Keep it that way with prompt hygiene: don't paste large data or log blobs into
context. If fetched material is data to model, bring it in via loom ingest — a
Metaflow data object — never by streaming it through chat.
Local vs. Metaflow input
Loom has two execution paths, and they differ only in how the input is named — both converge on
the same ./input workspace shape so a solution reads it identically.

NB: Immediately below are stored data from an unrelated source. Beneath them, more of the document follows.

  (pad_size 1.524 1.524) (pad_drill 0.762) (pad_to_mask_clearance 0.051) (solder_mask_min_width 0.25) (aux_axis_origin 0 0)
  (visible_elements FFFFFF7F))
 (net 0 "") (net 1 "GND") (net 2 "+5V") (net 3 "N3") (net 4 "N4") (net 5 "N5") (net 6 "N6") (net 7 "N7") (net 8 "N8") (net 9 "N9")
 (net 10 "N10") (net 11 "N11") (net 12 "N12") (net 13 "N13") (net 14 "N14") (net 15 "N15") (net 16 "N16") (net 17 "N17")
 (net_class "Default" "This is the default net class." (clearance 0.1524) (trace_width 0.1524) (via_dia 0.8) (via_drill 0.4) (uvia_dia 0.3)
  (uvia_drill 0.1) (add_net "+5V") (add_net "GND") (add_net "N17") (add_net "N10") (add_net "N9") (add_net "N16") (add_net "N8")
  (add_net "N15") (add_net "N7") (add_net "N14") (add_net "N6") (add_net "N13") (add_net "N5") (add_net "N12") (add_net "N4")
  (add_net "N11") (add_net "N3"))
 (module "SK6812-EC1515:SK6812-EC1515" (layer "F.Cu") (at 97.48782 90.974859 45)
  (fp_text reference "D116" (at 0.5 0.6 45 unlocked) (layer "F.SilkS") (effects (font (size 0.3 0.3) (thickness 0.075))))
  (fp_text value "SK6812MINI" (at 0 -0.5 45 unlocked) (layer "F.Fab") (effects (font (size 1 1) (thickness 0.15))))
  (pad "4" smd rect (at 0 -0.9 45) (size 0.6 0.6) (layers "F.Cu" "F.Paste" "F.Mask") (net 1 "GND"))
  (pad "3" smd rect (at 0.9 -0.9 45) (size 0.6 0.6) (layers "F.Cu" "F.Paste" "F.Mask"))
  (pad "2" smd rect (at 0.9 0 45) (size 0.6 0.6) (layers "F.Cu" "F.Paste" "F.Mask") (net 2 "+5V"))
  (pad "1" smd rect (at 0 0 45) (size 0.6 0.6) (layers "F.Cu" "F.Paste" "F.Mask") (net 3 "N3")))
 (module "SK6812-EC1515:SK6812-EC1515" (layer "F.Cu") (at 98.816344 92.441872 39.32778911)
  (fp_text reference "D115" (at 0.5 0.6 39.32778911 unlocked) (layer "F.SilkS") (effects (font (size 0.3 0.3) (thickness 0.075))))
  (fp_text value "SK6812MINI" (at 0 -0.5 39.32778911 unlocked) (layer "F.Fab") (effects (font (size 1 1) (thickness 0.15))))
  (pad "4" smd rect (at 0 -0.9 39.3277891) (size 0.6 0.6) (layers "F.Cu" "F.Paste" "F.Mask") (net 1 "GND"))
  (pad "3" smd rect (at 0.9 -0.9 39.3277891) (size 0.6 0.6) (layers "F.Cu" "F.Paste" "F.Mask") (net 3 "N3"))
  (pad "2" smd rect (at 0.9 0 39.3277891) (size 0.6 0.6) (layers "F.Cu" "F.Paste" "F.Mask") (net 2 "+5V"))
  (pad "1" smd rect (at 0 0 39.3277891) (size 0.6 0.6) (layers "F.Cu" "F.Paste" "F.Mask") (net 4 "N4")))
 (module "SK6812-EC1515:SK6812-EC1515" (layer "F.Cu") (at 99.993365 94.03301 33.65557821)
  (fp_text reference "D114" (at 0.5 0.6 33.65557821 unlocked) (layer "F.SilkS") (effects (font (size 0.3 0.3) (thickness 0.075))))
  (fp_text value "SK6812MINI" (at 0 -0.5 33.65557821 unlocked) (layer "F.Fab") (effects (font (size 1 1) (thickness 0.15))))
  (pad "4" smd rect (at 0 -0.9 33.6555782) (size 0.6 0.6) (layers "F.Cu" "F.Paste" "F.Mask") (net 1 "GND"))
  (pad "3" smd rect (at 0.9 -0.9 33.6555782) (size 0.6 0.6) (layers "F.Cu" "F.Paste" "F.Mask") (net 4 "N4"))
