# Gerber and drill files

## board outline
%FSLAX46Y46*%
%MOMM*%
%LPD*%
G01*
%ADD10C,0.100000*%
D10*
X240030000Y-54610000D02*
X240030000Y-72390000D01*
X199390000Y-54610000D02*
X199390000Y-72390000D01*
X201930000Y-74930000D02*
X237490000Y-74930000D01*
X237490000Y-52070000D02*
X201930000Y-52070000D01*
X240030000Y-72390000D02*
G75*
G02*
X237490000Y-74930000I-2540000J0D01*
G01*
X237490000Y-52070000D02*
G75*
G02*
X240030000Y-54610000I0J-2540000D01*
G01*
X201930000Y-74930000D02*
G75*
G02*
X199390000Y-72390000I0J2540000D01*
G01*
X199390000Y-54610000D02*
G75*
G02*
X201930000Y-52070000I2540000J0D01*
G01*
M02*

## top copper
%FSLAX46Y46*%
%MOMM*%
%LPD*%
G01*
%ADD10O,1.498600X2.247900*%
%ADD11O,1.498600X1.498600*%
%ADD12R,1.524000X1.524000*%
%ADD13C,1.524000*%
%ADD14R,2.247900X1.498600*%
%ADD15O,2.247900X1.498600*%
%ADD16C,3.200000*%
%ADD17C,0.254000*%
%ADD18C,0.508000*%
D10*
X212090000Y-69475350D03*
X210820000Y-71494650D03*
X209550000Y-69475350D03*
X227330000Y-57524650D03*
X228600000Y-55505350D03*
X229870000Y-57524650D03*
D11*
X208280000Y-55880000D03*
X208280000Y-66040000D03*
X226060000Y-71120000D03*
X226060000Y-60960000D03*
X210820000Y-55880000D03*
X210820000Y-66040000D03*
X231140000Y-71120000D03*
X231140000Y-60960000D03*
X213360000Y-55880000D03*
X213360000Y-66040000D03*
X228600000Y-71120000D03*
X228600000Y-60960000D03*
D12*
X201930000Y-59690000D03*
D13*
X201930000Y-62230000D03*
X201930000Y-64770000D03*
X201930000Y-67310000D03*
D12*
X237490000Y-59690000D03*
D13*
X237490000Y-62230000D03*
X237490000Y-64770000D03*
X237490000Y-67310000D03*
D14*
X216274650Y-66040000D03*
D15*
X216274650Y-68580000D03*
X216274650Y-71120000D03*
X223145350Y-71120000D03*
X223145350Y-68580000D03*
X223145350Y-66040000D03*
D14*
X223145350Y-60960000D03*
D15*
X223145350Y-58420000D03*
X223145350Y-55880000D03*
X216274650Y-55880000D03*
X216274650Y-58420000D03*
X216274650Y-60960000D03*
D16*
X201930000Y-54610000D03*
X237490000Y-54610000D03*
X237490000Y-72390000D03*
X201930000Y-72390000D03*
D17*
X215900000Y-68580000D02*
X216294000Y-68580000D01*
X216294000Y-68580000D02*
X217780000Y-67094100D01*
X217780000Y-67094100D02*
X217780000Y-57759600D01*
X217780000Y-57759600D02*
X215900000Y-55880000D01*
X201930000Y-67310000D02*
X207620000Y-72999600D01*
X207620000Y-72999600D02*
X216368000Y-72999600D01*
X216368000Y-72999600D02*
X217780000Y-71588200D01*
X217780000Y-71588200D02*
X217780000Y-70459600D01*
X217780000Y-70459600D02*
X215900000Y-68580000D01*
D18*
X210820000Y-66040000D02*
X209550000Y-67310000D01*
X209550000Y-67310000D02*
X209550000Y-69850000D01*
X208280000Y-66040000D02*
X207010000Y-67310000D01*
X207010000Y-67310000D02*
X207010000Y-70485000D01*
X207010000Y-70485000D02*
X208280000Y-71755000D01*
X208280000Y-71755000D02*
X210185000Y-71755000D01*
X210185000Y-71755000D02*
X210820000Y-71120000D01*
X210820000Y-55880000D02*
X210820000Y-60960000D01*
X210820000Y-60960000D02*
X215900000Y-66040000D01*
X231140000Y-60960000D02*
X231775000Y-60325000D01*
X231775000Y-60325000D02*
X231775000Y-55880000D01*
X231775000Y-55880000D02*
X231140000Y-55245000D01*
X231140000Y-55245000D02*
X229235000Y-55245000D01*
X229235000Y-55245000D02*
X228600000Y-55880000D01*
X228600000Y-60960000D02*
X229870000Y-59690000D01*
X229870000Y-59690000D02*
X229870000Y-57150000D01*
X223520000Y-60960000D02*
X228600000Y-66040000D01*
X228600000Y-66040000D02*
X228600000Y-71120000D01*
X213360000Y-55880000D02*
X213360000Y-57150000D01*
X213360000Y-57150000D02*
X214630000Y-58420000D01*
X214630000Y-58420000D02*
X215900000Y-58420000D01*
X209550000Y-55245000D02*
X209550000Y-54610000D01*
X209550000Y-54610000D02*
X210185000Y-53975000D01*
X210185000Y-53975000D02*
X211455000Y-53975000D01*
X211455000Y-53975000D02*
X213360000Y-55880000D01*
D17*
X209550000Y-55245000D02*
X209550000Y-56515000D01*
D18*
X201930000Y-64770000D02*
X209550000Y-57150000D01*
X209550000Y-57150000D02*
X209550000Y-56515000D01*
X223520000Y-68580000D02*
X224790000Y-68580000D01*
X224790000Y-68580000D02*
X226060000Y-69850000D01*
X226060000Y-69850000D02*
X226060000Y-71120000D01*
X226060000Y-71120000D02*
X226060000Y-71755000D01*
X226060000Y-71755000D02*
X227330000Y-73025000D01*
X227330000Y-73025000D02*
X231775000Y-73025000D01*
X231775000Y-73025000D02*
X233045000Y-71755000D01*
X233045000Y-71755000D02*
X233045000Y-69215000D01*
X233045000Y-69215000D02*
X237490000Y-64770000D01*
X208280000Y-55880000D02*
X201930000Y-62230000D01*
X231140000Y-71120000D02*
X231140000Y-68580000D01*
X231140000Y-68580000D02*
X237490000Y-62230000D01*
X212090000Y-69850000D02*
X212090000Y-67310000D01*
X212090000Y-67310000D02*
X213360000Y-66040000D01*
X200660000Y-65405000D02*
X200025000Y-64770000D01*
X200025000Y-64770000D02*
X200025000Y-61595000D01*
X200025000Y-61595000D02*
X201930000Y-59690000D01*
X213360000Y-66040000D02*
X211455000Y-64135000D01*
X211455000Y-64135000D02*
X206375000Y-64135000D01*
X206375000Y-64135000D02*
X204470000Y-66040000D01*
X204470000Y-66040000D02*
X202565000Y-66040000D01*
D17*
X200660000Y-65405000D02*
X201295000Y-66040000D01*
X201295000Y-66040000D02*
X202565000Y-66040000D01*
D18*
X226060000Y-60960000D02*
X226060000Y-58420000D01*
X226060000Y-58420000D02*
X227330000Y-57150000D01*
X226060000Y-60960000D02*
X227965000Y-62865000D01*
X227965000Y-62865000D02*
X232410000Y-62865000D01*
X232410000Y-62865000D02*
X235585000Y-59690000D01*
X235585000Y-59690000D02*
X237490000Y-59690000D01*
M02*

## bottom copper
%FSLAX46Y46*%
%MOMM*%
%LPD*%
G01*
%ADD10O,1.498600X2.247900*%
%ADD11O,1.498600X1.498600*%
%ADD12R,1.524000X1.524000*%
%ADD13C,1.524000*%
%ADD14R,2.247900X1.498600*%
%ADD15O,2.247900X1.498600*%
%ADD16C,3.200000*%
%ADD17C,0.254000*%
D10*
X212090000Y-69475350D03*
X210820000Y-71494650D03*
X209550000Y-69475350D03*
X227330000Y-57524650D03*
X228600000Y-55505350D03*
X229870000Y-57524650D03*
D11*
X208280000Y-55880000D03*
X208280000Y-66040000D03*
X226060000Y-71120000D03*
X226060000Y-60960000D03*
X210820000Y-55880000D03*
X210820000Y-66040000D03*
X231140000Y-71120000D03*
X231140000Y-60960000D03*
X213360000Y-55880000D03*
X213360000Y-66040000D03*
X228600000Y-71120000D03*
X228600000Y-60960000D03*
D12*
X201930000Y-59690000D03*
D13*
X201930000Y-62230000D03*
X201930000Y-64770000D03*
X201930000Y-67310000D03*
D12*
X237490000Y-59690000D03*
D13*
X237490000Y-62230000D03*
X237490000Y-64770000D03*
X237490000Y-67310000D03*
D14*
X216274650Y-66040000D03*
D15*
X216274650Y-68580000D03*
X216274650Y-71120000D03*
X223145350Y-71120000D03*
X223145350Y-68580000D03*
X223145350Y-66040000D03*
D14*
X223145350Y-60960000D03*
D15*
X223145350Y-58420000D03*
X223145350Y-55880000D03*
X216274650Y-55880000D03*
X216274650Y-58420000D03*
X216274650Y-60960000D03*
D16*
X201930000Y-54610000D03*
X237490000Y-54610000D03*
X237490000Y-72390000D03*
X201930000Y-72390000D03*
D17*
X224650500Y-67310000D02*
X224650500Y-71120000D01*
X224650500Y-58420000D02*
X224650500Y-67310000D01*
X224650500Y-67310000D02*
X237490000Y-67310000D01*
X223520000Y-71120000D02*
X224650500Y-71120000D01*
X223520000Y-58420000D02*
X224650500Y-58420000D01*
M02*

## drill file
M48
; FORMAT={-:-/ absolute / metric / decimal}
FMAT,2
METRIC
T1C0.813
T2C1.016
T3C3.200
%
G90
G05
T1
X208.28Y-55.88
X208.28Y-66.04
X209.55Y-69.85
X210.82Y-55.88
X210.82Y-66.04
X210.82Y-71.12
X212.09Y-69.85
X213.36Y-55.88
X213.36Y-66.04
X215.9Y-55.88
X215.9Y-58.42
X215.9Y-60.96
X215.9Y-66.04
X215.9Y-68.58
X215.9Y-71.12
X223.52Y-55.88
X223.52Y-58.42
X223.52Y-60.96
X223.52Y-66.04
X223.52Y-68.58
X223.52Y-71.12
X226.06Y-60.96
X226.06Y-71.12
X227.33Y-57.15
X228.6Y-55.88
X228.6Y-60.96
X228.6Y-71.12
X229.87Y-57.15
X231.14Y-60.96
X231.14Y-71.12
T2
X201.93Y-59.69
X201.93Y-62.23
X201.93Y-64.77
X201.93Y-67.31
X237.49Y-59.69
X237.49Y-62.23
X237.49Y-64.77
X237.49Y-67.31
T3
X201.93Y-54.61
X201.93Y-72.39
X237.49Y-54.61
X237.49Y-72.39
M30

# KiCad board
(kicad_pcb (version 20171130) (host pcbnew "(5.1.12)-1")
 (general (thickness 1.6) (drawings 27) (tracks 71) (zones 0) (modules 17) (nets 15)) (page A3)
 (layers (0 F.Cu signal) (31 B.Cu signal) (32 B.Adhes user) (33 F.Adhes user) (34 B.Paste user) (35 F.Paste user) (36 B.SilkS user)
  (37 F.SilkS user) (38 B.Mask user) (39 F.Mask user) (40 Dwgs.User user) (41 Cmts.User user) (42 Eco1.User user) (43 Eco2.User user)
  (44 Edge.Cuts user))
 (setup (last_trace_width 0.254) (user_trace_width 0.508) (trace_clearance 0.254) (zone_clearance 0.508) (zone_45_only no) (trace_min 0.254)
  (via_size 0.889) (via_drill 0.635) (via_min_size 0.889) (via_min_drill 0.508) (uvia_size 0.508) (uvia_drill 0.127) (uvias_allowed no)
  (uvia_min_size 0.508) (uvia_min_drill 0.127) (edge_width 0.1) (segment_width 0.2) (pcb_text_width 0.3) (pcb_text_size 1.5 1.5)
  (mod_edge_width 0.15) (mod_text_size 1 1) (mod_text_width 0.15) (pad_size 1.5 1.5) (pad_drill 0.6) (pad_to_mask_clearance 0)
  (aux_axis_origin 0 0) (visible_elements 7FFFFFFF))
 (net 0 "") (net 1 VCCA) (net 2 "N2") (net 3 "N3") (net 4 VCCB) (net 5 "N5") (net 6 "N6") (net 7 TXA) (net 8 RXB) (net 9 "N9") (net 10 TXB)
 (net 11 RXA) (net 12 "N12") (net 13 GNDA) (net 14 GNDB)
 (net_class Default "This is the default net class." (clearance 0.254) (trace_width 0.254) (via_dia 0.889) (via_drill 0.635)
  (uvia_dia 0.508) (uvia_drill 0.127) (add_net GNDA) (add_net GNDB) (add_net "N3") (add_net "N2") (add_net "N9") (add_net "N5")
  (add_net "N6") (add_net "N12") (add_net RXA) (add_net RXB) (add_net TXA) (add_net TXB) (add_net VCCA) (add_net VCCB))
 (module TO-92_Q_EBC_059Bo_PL (layer F.Cu) (at 212.09 69.85)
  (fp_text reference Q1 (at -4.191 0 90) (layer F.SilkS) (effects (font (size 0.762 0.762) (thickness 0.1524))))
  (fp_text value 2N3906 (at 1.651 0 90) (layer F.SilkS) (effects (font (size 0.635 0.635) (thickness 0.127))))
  (pad 1 thru_hole oval (at 0 0) (size 1.4986 2.2479) (drill 0.8128 (offset 0 -0.37465)) (layers *.Cu *.Mask F.SilkS) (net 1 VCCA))
  (pad 2 thru_hole oval (at -1.27 1.27) (size 1.4986 2.2479) (drill 0.8128 (offset 0 0.37465)) (layers *.Cu *.Mask F.SilkS) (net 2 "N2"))
  (pad 3 thru_hole oval (at -2.54 0) (size 1.4986 2.2479) (drill 0.8128 (offset 0 -0.37465)) (layers *.Cu *.Mask F.SilkS) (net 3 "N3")))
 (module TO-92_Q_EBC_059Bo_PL (layer F.Cu) (at 227.33 57.15 180)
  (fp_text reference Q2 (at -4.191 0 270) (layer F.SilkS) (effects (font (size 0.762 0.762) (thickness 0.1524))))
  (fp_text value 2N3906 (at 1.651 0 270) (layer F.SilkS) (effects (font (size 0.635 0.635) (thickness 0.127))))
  (pad 1 thru_hole oval (at 0 0 180) (size 1.4986 2.2479) (drill 0.8128 (offset 0 -0.37465)) (layers *.Cu *.Mask F.SilkS) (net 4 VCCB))
  (pad 2 thru_hole oval (at -1.27 1.27 180) (size 1.4986 2.2479) (drill 0.8128 (offset 0 0.37465)) (layers *.Cu *.Mask F.SilkS) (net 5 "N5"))
  (pad 3 thru_hole oval (at -2.54 0 180) (size 1.4986 2.2479) (drill 0.8128 (offset 0 -0.37465)) (layers *.Cu *.Mask F.SilkS) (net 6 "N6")))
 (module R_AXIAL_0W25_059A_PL (layer F.Cu) (at 208.28 55.88 270) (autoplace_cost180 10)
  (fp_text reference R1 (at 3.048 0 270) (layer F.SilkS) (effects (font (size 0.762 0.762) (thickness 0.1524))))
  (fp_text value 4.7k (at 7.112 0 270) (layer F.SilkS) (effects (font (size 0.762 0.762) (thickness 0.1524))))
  (pad 1 thru_hole oval (at 0 0 270) (size 1.4986 1.4986) (drill 0.8128) (layers *.Cu *.Mask F.SilkS) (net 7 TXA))
  (pad 2 thru_hole oval (at 10.16 0 270) (size 1.4986 1.4986) (drill 0.8128) (layers *.Cu *.Mask F.SilkS) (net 2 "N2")))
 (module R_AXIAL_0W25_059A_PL (layer F.Cu) (at 226.06 71.12 90) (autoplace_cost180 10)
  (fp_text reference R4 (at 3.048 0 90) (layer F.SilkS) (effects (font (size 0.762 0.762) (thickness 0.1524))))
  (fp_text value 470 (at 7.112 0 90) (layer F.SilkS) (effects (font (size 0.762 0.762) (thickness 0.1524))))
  (pad 1 thru_hole oval (at 0 0 90) (size 1.4986 1.4986) (drill 0.8128) (layers *.Cu *.Mask F.SilkS) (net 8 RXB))
  (pad 2 thru_hole oval (at 10.16 0 90) (size 1.4986 1.4986) (drill 0.8128) (layers *.Cu *.Mask F.SilkS) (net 4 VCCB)))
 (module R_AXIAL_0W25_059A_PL (layer F.Cu) (at 210.82 55.88 270) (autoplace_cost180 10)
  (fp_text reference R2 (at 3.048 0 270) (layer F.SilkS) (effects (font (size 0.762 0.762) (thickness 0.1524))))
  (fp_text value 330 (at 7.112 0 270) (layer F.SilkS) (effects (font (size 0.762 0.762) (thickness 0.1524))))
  (pad 1 thru_hole oval (at 0 0 270) (size 1.4986 1.4986) (drill 0.8128) (layers *.Cu *.Mask F.SilkS) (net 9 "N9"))
  (pad 2 thru_hole oval (at 10.16 0 270) (size 1.4986 1.4986) (drill 0.8128) (layers *.Cu *.Mask F.SilkS) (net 3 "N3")))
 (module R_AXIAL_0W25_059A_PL (layer F.Cu) (at 231.14 71.12 90) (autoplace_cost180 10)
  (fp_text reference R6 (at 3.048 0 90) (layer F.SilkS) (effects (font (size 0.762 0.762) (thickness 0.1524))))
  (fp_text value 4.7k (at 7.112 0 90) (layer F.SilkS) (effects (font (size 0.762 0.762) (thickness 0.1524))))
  (pad 1 thru_hole oval (at 0 0 90) (size 1.4986 1.4986) (drill 0.8128) (layers *.Cu *.Mask F.SilkS) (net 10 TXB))
  (pad 2 thru_hole oval (at 10.16 0 90) (size 1.4986 1.4986) (drill 0.8128) (layers *.Cu *.Mask F.SilkS) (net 5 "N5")))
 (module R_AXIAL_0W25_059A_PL (layer F.Cu) (at 213.36 55.88 270) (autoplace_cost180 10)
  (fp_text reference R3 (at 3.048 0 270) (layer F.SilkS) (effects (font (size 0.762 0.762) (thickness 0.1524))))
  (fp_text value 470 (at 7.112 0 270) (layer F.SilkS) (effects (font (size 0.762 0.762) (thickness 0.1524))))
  (pad 1 thru_hole oval (at 0 0 270) (size 1.4986 1.4986) (drill 0.8128) (layers *.Cu *.Mask F.SilkS) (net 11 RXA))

--mlops local | --mlops metaflow (default) | |
|---|---|---|
| Input | a local --data directory | a Metaflow data object (--dataset <pathspec> from loom ingest) |
| Data | local | a Metaflow artifact; the datastore (local or S3/minio) stays in your perimeter, opaque to Loom |
| Covers | the loom run search only | the whole lifecycle (eda, features, validate, deploy, …) |
The local path is the on-ramp for a quick "does it work" with no datastore. The
lifecycle verbs need --mlops metaflow — they run versioned flows, and
each candidate becomes a real Metaflow run rather than an in-process one. The
dataset_ref pathspec is the through-line either way.
The same IngestDataset seam is reused for durable corpus scale:
loom telemetry export --to-dataset loom-ds-1 ingests the trajectory corpus through the
identical boundary, so it becomes a versioned, lossless Metaflow data object with its own pathspec
— one ingest door, used everywhere data enters.